LETTERHEAD OF OGILVY RENAULT LLP
Exhibit 5.1
Montréal, June 1, 2006
Quebecor Media Inc.
612 Saint-Jacques Street
Montreal, Quebec
H3C 4M8
612 Saint-Jacques Street
Montreal, Quebec
H3C 4M8
Ladies and Gentlemen:
RE: | US$525,000,000 73/4% Senior Notes due March 15, 2016 |
In connection with the registration under the United States Securities Act of 1933, as amended (the “Securities Act”) of (a) US$525,000,000 principal amount of 73/4% Senior Notes due March 15, 2016 (the “Notes”) of Quebecor Media Inc. (the “Company”), a company incorporated under and governed by the laws of the Province of Québec, to be issued in exchange for the Company’s outstanding 73/4% Senior Notes due March 15, 2016 pursuant to an indenture dated January 17, 2006 (the “Indenture”) between the Company and U.S. Bank National Association as trustee, we, as your special counsel, have examined such corporate records, certificates and other documents, and such questions of law as we have considered necessary or appropriate for the purposes of the opinion expressed below.
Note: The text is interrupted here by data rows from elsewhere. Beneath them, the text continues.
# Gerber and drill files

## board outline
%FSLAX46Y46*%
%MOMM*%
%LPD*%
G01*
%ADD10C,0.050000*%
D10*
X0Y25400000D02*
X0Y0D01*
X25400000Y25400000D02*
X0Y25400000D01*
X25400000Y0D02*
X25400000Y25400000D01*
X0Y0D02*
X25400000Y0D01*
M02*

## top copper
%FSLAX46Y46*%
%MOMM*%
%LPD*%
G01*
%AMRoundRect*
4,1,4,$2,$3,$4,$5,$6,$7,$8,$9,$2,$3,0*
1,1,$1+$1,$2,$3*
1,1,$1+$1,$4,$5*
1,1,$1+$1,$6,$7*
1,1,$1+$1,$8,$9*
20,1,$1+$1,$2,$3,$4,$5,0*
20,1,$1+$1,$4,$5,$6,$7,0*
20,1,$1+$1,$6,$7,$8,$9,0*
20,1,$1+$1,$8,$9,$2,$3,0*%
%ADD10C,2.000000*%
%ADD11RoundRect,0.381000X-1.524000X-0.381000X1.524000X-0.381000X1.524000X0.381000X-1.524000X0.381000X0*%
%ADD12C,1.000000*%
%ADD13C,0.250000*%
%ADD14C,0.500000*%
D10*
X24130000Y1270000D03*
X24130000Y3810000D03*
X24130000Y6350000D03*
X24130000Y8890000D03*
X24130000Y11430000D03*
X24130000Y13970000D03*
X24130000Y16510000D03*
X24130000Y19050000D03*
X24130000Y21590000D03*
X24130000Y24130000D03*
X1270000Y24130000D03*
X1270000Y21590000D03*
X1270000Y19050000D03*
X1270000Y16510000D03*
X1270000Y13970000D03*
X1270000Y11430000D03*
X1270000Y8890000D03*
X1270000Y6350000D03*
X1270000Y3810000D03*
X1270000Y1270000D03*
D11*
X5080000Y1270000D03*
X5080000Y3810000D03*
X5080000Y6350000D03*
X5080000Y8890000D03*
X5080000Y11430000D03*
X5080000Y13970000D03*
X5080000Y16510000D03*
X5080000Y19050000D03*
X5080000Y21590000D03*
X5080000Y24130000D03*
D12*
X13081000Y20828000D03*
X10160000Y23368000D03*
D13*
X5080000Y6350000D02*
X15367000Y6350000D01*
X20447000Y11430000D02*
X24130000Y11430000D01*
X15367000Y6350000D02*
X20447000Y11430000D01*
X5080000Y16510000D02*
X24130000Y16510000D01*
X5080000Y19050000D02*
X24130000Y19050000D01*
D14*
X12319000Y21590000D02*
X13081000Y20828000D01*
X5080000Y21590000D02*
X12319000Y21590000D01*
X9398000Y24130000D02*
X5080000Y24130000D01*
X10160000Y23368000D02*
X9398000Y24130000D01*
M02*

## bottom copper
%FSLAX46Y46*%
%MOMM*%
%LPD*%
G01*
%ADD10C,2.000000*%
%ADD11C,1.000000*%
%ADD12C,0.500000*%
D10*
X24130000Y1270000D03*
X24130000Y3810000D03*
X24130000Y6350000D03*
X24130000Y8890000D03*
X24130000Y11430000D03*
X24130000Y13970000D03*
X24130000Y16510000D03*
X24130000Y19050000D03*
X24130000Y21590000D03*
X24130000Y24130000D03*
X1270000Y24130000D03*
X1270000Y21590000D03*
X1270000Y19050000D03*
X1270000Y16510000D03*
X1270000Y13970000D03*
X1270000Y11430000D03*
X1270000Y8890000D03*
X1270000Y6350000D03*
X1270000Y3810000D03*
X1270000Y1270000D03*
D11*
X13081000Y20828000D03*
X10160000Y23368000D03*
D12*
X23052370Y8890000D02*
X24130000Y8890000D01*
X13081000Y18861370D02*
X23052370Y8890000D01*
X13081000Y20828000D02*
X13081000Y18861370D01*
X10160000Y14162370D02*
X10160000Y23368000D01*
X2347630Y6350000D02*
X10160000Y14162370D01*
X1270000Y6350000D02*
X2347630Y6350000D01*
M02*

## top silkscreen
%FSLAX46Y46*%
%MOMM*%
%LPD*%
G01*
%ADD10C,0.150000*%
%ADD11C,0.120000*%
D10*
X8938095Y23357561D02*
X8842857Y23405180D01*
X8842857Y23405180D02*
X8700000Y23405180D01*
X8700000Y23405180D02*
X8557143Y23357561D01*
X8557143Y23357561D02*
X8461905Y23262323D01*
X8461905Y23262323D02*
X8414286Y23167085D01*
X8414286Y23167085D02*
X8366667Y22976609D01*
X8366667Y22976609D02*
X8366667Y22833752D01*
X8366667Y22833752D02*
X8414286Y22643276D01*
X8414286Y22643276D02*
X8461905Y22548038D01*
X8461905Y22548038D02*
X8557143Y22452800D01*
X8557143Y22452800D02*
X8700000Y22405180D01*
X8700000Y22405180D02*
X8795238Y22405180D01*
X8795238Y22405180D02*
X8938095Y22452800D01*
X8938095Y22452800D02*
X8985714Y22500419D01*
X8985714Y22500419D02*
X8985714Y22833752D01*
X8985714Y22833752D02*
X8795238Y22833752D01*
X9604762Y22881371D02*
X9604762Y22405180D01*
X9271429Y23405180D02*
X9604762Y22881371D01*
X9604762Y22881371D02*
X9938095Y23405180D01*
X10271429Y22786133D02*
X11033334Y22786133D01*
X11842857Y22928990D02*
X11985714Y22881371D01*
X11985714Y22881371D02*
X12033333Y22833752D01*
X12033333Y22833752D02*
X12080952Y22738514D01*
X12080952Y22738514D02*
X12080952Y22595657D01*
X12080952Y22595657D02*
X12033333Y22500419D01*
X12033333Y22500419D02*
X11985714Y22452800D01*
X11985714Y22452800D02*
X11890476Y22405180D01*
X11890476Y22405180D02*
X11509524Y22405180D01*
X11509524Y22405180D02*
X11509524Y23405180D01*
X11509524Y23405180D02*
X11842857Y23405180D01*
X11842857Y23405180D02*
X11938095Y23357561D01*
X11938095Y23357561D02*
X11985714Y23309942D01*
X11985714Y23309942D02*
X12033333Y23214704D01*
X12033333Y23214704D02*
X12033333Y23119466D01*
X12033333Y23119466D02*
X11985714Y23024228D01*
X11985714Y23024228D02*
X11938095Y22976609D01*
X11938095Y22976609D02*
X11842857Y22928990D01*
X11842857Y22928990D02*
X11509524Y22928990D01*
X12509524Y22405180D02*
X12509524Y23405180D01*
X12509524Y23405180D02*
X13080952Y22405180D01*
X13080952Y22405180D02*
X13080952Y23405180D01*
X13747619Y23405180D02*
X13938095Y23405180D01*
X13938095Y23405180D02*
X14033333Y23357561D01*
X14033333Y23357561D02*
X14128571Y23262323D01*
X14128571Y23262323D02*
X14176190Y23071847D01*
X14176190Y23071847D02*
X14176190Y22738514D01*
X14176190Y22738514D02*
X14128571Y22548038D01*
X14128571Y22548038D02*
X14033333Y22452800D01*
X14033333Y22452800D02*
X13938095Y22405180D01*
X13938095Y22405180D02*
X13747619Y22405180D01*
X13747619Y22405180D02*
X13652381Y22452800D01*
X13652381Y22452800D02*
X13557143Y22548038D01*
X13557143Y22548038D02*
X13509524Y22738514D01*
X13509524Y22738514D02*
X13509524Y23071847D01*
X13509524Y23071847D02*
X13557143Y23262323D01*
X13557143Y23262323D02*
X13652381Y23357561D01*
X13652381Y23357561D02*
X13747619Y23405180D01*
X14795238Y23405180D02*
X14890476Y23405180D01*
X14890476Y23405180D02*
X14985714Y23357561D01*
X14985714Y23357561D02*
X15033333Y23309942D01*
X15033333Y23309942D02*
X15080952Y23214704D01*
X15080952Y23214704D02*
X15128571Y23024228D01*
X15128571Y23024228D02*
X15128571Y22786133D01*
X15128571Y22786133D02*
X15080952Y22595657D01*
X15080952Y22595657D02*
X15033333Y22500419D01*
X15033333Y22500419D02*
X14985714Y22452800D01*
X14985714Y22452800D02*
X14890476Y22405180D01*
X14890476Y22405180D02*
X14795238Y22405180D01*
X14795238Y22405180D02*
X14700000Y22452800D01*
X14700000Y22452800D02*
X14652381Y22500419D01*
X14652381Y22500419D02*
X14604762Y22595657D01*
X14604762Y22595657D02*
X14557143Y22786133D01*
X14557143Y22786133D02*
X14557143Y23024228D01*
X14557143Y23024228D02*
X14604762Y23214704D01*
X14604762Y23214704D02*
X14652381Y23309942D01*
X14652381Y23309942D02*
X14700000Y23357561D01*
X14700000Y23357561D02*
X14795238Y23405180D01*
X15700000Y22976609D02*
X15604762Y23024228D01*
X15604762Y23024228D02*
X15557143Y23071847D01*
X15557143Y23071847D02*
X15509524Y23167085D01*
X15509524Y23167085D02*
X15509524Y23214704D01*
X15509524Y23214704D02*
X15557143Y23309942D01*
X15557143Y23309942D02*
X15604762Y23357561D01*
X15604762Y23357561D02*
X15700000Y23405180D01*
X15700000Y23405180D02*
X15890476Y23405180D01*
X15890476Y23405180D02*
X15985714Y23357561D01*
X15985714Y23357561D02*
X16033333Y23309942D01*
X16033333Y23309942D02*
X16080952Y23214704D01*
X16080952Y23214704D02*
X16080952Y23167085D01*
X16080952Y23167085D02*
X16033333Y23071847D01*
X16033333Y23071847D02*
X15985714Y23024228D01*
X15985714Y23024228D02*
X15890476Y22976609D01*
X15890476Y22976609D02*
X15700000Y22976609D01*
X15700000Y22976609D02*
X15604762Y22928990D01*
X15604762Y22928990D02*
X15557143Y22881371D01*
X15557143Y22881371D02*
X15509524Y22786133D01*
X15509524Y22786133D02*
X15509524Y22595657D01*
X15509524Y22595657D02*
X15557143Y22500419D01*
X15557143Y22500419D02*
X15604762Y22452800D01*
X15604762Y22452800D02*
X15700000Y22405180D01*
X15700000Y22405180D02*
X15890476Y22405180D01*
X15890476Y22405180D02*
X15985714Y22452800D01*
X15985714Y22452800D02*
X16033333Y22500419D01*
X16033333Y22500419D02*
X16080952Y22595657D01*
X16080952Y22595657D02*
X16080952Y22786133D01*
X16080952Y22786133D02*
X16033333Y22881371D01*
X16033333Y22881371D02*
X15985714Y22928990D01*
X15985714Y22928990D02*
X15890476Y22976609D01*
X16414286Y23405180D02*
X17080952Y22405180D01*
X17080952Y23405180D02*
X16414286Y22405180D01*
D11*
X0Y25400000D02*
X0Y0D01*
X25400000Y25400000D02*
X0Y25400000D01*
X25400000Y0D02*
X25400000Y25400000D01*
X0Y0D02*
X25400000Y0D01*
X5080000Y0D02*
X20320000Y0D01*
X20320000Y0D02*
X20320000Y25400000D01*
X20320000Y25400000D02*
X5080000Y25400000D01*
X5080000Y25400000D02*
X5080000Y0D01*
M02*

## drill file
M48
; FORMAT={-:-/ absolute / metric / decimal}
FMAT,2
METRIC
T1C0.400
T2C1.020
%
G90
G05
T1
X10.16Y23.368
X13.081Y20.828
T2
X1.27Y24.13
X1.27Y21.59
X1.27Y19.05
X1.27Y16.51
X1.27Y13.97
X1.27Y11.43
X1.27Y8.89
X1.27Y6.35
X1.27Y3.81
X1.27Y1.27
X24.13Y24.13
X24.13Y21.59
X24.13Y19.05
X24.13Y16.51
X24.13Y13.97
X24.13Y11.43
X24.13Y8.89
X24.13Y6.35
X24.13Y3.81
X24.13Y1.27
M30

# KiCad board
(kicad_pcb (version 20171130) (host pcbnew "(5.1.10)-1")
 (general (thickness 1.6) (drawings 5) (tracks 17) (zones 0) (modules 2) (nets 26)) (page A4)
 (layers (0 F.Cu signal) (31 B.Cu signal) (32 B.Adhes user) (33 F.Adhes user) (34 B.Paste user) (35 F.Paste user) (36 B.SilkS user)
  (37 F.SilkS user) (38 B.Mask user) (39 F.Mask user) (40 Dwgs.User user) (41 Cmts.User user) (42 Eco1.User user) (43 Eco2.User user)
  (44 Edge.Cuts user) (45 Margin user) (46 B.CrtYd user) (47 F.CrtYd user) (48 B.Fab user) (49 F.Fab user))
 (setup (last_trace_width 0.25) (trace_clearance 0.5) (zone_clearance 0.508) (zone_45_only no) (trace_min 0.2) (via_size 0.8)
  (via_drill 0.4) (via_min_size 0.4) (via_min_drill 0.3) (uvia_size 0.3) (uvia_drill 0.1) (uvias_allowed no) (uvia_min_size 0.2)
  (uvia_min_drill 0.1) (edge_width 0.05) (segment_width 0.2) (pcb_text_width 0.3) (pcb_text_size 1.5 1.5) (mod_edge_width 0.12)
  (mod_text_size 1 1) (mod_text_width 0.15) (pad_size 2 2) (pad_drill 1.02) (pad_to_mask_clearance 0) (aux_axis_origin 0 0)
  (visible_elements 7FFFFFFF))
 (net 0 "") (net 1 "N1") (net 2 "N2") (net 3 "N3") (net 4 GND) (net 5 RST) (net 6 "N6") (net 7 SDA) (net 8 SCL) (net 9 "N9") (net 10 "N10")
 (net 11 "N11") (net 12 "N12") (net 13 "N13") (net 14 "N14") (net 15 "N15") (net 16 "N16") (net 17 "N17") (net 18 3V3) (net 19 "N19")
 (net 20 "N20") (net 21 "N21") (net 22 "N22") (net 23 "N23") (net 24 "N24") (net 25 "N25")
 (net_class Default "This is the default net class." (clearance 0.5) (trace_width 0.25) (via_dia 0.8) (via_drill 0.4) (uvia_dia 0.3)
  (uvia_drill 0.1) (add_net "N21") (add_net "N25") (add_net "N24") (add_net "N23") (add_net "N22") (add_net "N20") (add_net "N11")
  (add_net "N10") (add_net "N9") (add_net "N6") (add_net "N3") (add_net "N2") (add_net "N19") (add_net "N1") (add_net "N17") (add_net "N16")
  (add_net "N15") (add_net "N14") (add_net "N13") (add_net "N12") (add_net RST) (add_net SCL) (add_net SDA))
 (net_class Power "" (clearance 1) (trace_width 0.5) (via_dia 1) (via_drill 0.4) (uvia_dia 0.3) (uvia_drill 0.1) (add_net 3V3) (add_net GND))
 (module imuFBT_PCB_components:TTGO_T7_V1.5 (layer F.Cu) (at 0 0)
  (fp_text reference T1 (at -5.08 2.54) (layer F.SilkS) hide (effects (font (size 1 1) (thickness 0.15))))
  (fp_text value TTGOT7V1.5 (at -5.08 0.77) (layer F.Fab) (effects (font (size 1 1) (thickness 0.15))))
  (fp_line (start 0 -25.4) (end 0 0) (layer F.SilkS) (width 0.12))
  (fp_line (start 25.4 -25.4) (end 0 -25.4) (layer F.SilkS) (width 0.12))
  (fp_line (start 25.4 0) (end 25.4 -25.4) (layer F.SilkS) (width 0.12))
  (fp_line (start 0 0) (end 25.4 0) (layer F.SilkS) (width 0.12))
  (pad 20 thru_hole circle (at 24.13 -1.27) (size 2 2) (drill 1.02) (layers *.Cu *.Mask) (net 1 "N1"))
  (pad 19 thru_hole circle (at 24.13 -3.81) (size 2 2) (drill 1.02) (layers *.Cu *.Mask) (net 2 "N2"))
  (pad 18 thru_hole circle (at 24.13 -6.35) (size 2 2) (drill 1.02) (layers *.Cu *.Mask) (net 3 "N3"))
  (pad 17 thru_hole circle (at 24.13 -8.89) (size 2 2) (drill 1.02) (layers *.Cu *.Mask) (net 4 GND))
  (pad 16 thru_hole circle (at 24.13 -11.43) (size 2 2) (drill 1.02) (layers *.Cu *.Mask) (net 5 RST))
  (pad 15 thru_hole circle (at 24.13 -13.97) (size 2 2) (drill 1.02) (layers *.Cu *.Mask) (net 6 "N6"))
  (pad 14 thru_hole circle (at 24.13 -16.51) (size 2 2) (drill 1.02) (layers *.Cu *.Mask) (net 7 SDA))
  (pad 13 thru_hole circle (at 24.13 -19.05) (size 2 2) (drill 1.02) (layers *.Cu *.Mask) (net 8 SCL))
  (pad 12 thru_hole circle (at 24.13 -21.59) (size 2 2) (drill 1.02) (layers *.Cu *.Mask) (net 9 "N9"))
  (pad 11 thru_hole circle (at 24.13 -24.13) (size 2 2) (drill 1.02) (layers *.Cu *.Mask) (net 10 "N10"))
  (pad 10 thru_hole circle (at 1.27 -24.13) (size 2 2) (drill 1.02) (layers *.Cu *.Mask) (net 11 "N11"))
We have also relied as to certain factual matters on information obtained from officers of the Company, public officials and other sources believed by us to be responsible.
Upon the basis of such examination, we advise you that, in our opinion, when the Company’s Registration Statement on Form F-4 relating to the Notes (the “Registration Statement”) has become effective under the Securities Act, the terms of the Notes and of their issuance have been duly established in conformity with the Indenture so as not to violate any applicable law or result in a default under or breach of any agreement or instrument binding upon the Company and so as to comply with any requirement or restriction imposed by any court or governmental body having jurisdiction over the Company and the Notes have been duly executed, delivered and authenticated in accordance with the terms of the Indenture and issued as contemplated in the Registration Statement, the Notes will constitute valid and legally binding obligations of the Company, subject to bankruptcy, insolvency, fraudulent transfer, reorganization, moratorium and similar laws of general applicability relating to or affecting creditors’ rights and to general equity principles.
The foregoing opinion is limited to the federal laws of the United States, the laws of the State of New York, and the laws of the Province of Québec and the federal laws of Canada applicable therein, all as of the date hereof, and we are expressing no opinion as to the effect of the laws of any other jurisdiction.
We hereby consent to the filing of this opinion as an exhibit to the Registration Statement and to the references to this firm under the headings, “Enforceability of Civil Liabilities”, “Legal Matters”, and “Description of the Notes — Enforceability of Judgments” in the prospectus included in the Registration Statement. In giving the foregoing consent, we do not thereby admit that we are in the category of persons whose consent is required under Section 7 of the Securities Act or the rules and regulations of the United States Securities and Exchange Commission thereunder.